Nowadays, the majority of enterprise data center networks are built on Ethernet. Thus, according to Wollenweber, it makes sense for businesses to continue with Ethernet when adding GPU-based systems for AI workloads because IT and engineering staff members are familiar with it, can integrate these AI compute nodes, and can obtain consistent performance from Ethernet technology.

In a blog post regarding AI networking, Wollenweber stated that “An AI/ML workload or job – such as for different types of learning that use large data sets – may need to be distributed across many GPUs as part of an AI/ML cluster to balance the load through parallel processing,”

“To deliver high-quality results quickly – particularly for training models – all AI/ML clusters need to be connected by a high-performance network that supports non-blocking, low-latency, lossless fabric,” Wollenweber wrote. “While less compute-intensive, running AI inferencing in edge data centers will also involve requirements on network performance, scale and latency control to help quickly deliver real-time insights to a large number of end-users.”

In order to increase throughput and decrease latency on compute and storage traffic, Wollenweber mentioned the remote direct memory access (RDMA) over Converged Ethernet (RoCE) network protocol. RoCEv2 is used to provide memory access on a remote host without CPU participation.

According to Wollenweber, “Ethernet fabrics with RoCEv2 protocol support are designed with advanced congestion management to help intelligently control latency and loss, and are optimized for AI/ML clusters with widely adopted standards-based technology, easier migration for Ethernet-based data centers, and proven scalability at lower cost-per-bit.”

The Artificial Intelligence Infrastructure of Cisco

More effective scheduling of AI/ML workloads across GPUs will require improved operational tools from clients. The Nexus Dashboard is one of Cisco’s tools.

“How do we actually make it simpler and easier for customers to tune these Ethernet networks and connect this massive amount of compute as efficiently as possible? That’s what we are looking at,” Wollenweber stated,

Cisco has shaped its AI data center directions with a series of recent announcements that expand on past work. For instance, Cisco released a plan last summer outlining how businesses may enhance AI workloads using their current data center Ethernet networks.
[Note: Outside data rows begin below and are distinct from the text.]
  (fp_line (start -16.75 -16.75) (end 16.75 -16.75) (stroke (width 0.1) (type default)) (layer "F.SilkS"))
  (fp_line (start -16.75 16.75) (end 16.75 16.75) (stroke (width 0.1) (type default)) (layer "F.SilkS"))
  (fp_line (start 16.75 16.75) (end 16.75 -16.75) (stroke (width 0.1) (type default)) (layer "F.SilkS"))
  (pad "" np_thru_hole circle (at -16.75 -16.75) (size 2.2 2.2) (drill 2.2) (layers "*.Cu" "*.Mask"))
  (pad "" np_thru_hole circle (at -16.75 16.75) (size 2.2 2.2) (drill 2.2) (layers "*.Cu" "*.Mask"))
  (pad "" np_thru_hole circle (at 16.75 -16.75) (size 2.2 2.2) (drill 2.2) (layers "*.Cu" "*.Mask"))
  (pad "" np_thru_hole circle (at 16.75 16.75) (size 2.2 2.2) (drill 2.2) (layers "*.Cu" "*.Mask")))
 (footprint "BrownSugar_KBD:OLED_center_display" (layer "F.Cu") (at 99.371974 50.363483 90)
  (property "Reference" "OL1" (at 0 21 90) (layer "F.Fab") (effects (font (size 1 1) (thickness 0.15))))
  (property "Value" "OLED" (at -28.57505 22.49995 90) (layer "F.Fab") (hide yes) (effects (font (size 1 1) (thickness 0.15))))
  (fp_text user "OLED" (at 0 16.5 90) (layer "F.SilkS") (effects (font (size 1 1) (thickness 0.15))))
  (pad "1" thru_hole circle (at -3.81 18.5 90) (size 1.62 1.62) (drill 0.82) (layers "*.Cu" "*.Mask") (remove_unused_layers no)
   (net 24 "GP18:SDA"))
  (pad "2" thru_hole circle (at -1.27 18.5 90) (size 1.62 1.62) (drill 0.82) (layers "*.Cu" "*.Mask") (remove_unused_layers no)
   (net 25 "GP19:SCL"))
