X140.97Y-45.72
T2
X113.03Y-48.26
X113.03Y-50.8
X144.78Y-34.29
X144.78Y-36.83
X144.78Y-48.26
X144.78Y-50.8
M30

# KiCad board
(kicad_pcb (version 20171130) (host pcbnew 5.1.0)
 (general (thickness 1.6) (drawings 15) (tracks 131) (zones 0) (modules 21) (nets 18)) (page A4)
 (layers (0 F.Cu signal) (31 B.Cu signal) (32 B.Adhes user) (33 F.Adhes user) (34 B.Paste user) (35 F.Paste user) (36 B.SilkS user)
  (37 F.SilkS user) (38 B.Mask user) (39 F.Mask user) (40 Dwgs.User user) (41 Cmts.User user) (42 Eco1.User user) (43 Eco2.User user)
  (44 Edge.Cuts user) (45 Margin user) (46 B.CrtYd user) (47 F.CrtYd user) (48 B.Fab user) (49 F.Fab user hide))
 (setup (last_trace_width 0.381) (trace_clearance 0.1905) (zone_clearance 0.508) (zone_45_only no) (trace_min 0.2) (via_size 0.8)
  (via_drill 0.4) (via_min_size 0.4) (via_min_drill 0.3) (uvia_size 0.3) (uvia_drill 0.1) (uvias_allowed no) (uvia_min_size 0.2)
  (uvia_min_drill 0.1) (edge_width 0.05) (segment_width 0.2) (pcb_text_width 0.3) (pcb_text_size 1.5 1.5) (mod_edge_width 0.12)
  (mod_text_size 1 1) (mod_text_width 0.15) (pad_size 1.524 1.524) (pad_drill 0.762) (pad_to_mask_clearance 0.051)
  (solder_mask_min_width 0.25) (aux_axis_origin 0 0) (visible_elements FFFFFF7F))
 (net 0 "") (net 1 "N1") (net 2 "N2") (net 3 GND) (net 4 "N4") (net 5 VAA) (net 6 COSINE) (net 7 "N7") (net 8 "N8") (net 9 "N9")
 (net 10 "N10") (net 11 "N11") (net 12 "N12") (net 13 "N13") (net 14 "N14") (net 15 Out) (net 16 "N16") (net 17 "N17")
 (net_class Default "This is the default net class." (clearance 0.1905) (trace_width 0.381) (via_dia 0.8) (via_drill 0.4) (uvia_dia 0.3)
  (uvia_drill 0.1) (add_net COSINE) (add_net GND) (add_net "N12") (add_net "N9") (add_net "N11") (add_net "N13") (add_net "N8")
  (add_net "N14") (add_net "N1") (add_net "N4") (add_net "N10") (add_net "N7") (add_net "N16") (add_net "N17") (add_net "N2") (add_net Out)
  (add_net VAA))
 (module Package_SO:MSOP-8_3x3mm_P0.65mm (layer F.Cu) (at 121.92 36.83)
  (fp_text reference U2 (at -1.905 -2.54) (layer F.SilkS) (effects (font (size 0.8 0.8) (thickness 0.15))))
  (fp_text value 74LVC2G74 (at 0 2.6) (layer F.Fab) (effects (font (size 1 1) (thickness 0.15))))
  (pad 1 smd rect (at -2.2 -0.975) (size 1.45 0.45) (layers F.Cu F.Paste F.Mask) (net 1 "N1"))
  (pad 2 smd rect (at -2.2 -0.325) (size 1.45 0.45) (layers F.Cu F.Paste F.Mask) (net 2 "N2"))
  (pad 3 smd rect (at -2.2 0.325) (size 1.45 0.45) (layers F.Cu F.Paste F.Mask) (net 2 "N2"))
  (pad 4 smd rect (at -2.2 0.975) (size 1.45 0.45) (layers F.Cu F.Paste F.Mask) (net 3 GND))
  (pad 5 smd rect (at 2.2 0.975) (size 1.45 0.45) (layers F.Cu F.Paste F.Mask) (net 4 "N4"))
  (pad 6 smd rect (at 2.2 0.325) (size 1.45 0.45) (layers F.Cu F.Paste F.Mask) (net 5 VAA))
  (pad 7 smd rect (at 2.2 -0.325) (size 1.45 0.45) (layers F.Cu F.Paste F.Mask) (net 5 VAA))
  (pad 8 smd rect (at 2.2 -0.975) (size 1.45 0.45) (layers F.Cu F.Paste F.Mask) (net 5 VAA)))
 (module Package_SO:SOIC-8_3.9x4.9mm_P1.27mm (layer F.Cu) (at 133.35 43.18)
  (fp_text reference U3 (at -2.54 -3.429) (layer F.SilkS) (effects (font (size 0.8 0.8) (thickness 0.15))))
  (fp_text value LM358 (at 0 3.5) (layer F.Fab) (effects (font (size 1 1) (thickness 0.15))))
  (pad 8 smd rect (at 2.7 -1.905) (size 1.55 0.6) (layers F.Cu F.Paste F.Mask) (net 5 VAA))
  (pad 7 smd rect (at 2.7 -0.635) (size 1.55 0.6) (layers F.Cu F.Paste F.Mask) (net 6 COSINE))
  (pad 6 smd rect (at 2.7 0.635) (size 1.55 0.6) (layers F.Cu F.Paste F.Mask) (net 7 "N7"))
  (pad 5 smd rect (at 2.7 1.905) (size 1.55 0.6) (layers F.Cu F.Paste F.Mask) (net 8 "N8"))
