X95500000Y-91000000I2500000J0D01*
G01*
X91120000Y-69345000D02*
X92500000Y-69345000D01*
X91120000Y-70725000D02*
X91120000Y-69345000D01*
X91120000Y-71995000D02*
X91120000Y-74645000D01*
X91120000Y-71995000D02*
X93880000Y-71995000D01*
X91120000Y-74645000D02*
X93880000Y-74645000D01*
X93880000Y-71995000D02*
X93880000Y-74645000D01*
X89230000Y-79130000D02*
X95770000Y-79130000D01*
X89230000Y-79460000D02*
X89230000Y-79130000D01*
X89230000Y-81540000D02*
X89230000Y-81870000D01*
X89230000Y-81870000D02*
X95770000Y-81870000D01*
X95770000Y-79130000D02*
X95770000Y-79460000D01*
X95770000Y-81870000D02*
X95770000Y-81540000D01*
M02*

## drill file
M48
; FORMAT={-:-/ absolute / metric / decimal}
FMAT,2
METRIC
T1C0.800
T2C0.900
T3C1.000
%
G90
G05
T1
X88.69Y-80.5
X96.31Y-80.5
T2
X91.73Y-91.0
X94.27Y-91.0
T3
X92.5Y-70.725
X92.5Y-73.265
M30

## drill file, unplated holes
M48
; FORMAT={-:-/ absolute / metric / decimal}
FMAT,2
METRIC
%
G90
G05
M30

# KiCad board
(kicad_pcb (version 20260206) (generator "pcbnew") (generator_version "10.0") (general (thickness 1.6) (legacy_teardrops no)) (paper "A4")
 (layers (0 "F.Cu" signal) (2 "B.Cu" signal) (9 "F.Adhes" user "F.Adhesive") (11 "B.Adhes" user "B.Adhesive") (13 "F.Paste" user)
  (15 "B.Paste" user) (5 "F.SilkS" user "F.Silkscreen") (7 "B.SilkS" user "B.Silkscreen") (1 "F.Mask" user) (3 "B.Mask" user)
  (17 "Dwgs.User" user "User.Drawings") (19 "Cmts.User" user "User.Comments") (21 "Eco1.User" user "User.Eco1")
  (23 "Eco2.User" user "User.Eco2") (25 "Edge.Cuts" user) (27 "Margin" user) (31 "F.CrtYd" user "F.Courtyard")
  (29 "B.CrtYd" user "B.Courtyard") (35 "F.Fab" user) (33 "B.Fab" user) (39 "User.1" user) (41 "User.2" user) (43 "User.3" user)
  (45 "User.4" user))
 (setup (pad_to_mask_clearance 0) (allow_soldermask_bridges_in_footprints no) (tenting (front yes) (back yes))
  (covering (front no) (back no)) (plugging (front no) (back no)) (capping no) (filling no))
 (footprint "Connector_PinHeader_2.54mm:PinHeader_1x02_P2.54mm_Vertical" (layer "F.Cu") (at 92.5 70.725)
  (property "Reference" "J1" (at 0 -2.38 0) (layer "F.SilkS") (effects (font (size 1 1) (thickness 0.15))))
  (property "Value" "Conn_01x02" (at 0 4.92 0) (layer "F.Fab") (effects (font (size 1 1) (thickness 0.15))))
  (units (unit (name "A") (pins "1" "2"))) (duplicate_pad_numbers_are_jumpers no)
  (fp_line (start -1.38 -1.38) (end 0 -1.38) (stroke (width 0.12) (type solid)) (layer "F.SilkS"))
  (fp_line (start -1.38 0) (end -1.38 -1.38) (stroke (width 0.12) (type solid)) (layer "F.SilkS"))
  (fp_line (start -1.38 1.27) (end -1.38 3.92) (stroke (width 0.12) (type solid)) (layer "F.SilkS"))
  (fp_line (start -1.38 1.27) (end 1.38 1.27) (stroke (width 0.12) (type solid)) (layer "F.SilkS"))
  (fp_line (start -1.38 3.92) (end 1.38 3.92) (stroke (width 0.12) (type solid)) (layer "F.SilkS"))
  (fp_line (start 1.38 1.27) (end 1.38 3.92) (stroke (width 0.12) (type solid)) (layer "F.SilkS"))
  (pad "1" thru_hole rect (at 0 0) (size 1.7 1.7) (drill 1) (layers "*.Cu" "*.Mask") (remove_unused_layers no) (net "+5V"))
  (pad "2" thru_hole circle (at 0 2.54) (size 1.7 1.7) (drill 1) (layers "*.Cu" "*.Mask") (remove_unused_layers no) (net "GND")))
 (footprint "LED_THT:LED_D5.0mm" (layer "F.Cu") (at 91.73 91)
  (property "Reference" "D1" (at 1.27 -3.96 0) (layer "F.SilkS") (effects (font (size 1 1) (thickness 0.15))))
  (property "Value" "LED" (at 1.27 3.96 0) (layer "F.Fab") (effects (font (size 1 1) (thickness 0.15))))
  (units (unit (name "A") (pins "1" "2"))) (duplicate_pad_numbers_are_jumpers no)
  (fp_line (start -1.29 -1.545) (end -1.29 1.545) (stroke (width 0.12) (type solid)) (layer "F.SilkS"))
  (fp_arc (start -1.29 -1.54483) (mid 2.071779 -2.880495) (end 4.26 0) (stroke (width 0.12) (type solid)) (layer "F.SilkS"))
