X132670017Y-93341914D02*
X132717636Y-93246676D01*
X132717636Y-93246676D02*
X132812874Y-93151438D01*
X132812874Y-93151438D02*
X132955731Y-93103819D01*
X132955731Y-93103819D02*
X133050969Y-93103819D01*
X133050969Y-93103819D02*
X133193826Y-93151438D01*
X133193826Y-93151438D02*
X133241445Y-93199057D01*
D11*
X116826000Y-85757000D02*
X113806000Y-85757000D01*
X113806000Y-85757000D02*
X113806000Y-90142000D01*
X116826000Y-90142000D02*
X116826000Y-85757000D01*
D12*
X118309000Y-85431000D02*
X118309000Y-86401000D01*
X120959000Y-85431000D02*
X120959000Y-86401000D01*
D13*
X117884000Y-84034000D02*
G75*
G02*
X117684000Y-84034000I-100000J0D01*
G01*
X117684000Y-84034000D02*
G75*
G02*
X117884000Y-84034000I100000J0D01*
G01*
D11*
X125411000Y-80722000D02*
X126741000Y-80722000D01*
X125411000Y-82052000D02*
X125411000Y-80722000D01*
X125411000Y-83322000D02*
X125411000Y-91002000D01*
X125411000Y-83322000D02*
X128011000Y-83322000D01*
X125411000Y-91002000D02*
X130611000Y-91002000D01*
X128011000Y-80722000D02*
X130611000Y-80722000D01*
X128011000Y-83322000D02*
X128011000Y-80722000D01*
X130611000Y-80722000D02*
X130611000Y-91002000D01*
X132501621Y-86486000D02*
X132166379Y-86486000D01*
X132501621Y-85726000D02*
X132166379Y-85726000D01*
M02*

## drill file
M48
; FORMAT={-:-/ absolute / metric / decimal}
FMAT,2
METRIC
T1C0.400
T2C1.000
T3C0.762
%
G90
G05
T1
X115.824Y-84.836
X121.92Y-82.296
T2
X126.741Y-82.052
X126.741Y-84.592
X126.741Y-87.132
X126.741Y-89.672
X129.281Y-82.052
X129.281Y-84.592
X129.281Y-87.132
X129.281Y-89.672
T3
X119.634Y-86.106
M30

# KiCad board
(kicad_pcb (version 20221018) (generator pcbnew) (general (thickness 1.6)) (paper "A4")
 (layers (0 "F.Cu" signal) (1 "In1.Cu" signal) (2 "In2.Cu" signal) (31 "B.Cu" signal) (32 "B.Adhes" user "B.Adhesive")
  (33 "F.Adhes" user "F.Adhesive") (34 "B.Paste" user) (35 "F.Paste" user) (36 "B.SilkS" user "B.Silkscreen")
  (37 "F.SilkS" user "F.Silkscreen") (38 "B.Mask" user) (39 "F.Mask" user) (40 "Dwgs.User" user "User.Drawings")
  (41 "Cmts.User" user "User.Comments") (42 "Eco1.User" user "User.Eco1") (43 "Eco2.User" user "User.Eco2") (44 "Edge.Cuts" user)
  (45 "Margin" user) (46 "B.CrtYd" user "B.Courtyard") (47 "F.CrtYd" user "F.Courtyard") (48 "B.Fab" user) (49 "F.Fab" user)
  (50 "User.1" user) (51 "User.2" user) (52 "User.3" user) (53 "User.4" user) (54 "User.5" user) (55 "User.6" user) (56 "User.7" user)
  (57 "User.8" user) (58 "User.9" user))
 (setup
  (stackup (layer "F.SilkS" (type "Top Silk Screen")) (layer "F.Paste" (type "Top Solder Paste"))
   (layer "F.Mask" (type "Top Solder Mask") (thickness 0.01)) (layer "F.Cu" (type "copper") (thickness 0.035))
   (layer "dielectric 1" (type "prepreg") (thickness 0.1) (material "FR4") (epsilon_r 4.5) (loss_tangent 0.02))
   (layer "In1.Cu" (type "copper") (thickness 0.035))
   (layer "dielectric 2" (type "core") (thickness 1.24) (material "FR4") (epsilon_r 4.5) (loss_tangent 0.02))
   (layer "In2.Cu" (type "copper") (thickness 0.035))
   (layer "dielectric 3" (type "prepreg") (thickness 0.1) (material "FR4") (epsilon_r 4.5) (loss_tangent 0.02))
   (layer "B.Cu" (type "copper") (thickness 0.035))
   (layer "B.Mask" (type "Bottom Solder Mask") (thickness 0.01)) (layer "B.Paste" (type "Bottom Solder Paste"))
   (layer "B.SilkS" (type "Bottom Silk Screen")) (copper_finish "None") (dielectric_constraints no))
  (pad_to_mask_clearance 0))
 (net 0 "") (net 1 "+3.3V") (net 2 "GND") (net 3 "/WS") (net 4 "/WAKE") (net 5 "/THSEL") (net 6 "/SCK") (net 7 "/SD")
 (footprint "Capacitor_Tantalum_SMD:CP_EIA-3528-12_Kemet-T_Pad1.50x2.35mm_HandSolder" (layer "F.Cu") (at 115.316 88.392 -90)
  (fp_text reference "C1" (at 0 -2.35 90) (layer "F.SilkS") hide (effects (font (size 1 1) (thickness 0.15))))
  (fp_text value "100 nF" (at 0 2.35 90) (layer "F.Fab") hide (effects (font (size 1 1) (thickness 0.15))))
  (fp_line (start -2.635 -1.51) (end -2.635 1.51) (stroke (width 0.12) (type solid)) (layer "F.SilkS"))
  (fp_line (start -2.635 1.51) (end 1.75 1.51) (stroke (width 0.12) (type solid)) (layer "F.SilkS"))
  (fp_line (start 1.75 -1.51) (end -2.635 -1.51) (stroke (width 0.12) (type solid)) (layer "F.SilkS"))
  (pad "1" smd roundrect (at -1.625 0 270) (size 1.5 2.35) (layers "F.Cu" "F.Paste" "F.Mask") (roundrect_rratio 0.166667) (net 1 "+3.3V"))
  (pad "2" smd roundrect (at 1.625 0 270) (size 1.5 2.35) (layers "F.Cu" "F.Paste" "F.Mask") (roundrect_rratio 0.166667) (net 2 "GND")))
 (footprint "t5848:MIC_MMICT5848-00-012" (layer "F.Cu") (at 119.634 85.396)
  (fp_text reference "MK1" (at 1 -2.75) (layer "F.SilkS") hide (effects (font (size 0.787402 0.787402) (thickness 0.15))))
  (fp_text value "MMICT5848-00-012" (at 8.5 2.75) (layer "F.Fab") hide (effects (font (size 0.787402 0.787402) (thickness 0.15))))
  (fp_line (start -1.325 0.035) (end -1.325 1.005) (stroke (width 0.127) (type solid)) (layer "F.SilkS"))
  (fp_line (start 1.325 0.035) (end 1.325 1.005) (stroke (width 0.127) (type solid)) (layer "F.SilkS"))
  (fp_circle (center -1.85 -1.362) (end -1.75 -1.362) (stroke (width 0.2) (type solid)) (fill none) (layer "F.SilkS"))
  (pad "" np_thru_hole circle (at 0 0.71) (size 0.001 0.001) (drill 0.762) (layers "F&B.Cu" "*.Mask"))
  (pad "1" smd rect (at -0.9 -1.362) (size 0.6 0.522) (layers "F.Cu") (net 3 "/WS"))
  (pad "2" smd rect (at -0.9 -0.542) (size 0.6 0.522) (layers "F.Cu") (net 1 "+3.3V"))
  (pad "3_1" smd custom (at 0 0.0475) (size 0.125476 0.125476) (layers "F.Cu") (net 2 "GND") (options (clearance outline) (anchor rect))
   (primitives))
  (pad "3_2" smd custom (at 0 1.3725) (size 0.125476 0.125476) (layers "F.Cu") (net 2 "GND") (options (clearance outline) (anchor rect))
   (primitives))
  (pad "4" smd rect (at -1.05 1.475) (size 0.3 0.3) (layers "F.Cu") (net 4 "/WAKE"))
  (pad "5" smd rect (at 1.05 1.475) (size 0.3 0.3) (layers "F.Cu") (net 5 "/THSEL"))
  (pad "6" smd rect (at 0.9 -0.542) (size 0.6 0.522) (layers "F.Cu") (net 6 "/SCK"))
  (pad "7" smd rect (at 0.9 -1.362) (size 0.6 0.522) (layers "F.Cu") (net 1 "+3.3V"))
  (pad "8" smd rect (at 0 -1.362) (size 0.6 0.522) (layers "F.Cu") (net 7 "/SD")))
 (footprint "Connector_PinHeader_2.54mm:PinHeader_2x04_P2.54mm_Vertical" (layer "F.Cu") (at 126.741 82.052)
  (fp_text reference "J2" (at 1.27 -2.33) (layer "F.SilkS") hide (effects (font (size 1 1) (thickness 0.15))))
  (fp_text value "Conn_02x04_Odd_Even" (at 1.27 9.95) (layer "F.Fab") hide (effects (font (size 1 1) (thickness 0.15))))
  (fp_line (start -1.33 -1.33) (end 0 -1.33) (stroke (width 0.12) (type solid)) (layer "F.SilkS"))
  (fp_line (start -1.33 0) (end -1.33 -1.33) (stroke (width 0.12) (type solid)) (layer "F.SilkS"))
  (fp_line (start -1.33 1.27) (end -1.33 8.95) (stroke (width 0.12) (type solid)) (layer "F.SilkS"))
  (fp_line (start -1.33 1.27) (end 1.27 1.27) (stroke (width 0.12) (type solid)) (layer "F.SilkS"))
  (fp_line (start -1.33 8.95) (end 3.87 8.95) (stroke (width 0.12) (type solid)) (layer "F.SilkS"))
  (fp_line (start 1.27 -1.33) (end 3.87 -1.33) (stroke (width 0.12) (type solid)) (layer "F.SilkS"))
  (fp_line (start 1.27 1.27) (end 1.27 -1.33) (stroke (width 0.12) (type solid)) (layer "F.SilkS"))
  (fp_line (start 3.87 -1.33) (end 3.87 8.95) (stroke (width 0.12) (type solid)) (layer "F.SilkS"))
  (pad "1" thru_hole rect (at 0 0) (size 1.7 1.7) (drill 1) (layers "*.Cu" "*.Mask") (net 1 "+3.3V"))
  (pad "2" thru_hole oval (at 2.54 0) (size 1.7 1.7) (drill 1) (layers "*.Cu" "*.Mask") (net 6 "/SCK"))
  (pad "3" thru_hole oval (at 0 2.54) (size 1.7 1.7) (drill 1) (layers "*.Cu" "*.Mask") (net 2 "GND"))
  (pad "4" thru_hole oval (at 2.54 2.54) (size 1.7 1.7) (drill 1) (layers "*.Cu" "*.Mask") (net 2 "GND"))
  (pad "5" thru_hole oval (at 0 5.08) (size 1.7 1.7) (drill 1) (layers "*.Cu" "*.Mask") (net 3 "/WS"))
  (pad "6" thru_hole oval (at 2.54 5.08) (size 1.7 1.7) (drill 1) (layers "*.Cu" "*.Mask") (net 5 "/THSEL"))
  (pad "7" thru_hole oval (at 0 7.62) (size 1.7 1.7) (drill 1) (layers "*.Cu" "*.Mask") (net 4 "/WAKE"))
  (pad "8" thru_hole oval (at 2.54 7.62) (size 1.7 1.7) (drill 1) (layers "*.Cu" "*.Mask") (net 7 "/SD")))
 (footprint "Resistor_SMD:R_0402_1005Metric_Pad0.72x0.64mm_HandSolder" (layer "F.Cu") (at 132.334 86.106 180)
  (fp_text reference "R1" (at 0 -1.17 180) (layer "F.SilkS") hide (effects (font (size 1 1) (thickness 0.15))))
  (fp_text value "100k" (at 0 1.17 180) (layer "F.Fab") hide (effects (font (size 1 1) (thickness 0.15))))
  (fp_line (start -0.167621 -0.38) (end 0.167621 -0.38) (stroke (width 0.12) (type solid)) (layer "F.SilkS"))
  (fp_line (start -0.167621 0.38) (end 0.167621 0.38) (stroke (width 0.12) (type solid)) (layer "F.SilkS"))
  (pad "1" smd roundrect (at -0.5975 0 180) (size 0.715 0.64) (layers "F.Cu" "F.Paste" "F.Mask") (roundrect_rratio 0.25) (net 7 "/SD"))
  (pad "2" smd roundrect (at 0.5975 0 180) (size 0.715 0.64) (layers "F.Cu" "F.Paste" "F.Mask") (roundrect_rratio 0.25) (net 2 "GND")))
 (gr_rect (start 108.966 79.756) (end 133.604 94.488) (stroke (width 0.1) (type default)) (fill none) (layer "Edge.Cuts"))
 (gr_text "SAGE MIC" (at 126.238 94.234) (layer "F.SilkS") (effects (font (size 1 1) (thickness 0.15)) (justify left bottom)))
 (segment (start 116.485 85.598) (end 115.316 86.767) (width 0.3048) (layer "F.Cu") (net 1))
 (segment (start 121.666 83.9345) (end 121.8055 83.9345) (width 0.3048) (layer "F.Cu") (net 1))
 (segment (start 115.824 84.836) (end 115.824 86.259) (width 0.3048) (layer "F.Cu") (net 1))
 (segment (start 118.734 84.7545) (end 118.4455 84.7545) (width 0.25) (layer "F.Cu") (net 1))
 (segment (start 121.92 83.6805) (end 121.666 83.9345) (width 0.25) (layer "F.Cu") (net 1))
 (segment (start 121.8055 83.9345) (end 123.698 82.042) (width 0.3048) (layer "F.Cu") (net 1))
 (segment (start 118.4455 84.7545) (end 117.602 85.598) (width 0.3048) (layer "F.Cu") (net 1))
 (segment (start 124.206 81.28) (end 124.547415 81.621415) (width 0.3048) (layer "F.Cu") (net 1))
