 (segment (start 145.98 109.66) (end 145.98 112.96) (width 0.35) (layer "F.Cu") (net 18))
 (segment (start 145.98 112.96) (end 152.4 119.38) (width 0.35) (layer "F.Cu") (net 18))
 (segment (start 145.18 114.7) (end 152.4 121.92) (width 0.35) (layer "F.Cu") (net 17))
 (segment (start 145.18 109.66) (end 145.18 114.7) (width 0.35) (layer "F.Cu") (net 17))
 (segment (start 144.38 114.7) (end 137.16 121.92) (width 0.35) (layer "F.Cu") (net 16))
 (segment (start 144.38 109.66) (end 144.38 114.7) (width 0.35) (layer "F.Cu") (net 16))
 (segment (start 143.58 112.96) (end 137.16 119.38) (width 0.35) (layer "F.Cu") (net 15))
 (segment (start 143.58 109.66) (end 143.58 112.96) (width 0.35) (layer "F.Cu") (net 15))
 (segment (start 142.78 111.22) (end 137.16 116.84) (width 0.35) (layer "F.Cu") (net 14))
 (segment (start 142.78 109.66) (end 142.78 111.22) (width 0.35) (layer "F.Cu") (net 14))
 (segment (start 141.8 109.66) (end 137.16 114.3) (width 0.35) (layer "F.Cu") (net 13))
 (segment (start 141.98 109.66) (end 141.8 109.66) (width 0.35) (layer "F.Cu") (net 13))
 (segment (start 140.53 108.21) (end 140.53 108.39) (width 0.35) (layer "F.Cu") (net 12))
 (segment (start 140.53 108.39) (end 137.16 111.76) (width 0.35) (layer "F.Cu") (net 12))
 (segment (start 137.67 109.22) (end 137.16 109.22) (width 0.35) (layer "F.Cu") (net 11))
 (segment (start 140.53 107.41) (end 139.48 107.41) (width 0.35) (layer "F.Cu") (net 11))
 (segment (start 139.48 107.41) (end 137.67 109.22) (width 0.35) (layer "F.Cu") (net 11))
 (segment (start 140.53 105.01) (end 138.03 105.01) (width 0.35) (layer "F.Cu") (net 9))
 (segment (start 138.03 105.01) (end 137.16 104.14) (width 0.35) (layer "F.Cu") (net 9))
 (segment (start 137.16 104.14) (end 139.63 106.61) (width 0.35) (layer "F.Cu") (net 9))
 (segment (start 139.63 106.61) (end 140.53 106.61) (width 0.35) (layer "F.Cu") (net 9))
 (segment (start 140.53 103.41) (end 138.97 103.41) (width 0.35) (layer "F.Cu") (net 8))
According to Cisco’s Data Center Networking Blueprint for AI/ML Applications, one of the main features of that plan is its Nexus 9000 data center switches, which “have the hardware and software capabilities available today to provide the right latency, congestion management mechanisms, and telemetry to meet the requirements of AI/ML applications.” “Coupled with tools such as Cisco Nexus Dashboard Insights for visibility and Nexus Dashboard Fabric Controller for automation, Cisco Nexus 9000 switches become ideal platforms to build a high-performance AI/ML network fabric.”

High-end programmable Silicon One processors, targeted at large-scale AI/ML infrastructures for companies and hyperscalers, are another component of Cisco’s AI network architecture.